__WORK REQUEST__.
The records below are to be retyped in full, without any alteration.

__SUPPLIED DATA__.
____

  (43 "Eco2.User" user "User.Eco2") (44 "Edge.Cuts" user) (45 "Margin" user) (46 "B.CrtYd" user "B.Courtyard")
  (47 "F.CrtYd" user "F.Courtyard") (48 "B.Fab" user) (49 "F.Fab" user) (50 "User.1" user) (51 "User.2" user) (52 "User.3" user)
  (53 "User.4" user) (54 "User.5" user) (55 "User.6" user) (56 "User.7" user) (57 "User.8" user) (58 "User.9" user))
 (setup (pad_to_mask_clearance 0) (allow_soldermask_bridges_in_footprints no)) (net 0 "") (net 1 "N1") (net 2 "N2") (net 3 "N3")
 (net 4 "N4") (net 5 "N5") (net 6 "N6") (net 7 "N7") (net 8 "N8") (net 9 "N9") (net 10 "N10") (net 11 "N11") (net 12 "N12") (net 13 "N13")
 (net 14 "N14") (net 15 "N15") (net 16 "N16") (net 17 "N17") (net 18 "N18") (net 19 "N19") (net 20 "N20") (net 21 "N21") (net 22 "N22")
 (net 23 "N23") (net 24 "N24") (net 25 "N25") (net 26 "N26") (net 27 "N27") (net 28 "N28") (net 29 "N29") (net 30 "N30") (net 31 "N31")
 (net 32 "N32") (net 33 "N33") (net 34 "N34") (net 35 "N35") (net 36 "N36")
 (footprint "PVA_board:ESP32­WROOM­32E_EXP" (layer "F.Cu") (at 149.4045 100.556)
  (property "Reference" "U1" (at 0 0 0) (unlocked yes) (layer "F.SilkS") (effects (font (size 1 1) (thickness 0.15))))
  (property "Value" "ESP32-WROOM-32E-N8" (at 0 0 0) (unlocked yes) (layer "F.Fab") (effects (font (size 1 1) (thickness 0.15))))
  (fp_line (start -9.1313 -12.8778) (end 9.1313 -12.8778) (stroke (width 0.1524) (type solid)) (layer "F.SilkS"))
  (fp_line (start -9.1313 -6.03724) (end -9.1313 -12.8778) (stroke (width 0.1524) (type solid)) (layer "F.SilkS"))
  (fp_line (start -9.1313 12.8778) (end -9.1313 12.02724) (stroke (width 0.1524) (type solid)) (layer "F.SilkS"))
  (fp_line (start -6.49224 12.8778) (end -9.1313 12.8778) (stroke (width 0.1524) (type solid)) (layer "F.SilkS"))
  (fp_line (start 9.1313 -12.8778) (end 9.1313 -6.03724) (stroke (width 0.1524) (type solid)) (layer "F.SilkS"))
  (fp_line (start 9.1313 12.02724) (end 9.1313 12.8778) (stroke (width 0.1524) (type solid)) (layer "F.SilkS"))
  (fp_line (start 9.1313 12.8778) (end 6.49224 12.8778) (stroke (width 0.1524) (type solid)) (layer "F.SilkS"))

____

__SOLUTION FOR THIS PROBLEM__.
  (43 "Eco2.User" user "User.Eco2") (44 "Edge.Cuts" user) (45 "Margin" user) (46 "B.CrtYd" user "B.Courtyard")
  (47 "F.CrtYd" user "F.Courtyard") (48 "B.Fab" user) (49 "F.Fab" user) (50 "User.1" user) (51 "User.2" user) (52 "User.3" user)
  (53 "User.4" user) (54 "User.5" user) (55 "User.6" user) (56 "User.7" user) (57 "User.8" user) (58 "User.9" user))
 (setup (pad_to_mask_clearance 0) (allow_soldermask_bridges_in_footprints no)) (net 0 "") (net 1 "N1") (net 2 "N2") (net 3 "N3")
 (net 4 "N4") (net 5 "N5") (net 6 "N6") (net 7 "N7") (net 8 "N8") (net 9 "N9") (net 10 "N10") (net 11 "N11") (net 12 "N12") (net 13 "N13")
 (net 14 "N14") (net 15 "N15") (net 16 "N16") (net 17 "N17") (net 18 "N18") (net 19 "N19") (net 20 "N20") (net 21 "N21") (net 22 "N22")
 (net 23 "N23") (net 24 "N24") (net 25 "N25") (net 26 "N26") (net 27 "N27") (net 28 "N28") (net 29 "N29") (net 30 "N30") (net 31 "N31")
 (net 32 "N32") (net 33 "N33") (net 34 "N34") (net 35 "N35") (net 36 "N36")
 (footprint "PVA_board:ESP32­WROOM­32E_EXP" (layer "F.Cu") (at 149.4045 100.556)
  (property "Reference" "U1" (at 0 0 0) (unlocked yes) (layer "F.SilkS") (effects (font (size 1 1) (thickness 0.15))))
  (property "Value" "ESP32-WROOM-32E-N8" (at 0 0 0) (unlocked yes) (layer "F.Fab") (effects (font (size 1 1) (thickness 0.15))))
  (fp_line (start -9.1313 -12.8778) (end 9.1313 -12.8778) (stroke (width 0.1524) (type solid)) (layer "F.SilkS"))
  (fp_line (start -9.1313 -6.03724) (end -9.1313 -12.8778) (stroke (width 0.1524) (type solid)) (layer "F.SilkS"))
  (fp_line (start -9.1313 12.8778) (end -9.1313 12.02724) (stroke (width 0.1524) (type solid)) (layer "F.SilkS"))
  (fp_line (start -6.49224 12.8778) (end -9.1313 12.8778) (stroke (width 0.1524) (type solid)) (layer "F.SilkS"))
  (fp_line (start 9.1313 -12.8778) (end 9.1313 -6.03724) (stroke (width 0.1524) (type solid)) (layer "F.SilkS"))
  (fp_line (start 9.1313 12.02724) (end 9.1313 12.8778) (stroke (width 0.1524) (type solid)) (layer "F.SilkS"))
  (fp_line (start 9.1313 12.8778) (end 6.49224 12.8778) (stroke (width 0.1524) (type solid)) (layer "F.SilkS"))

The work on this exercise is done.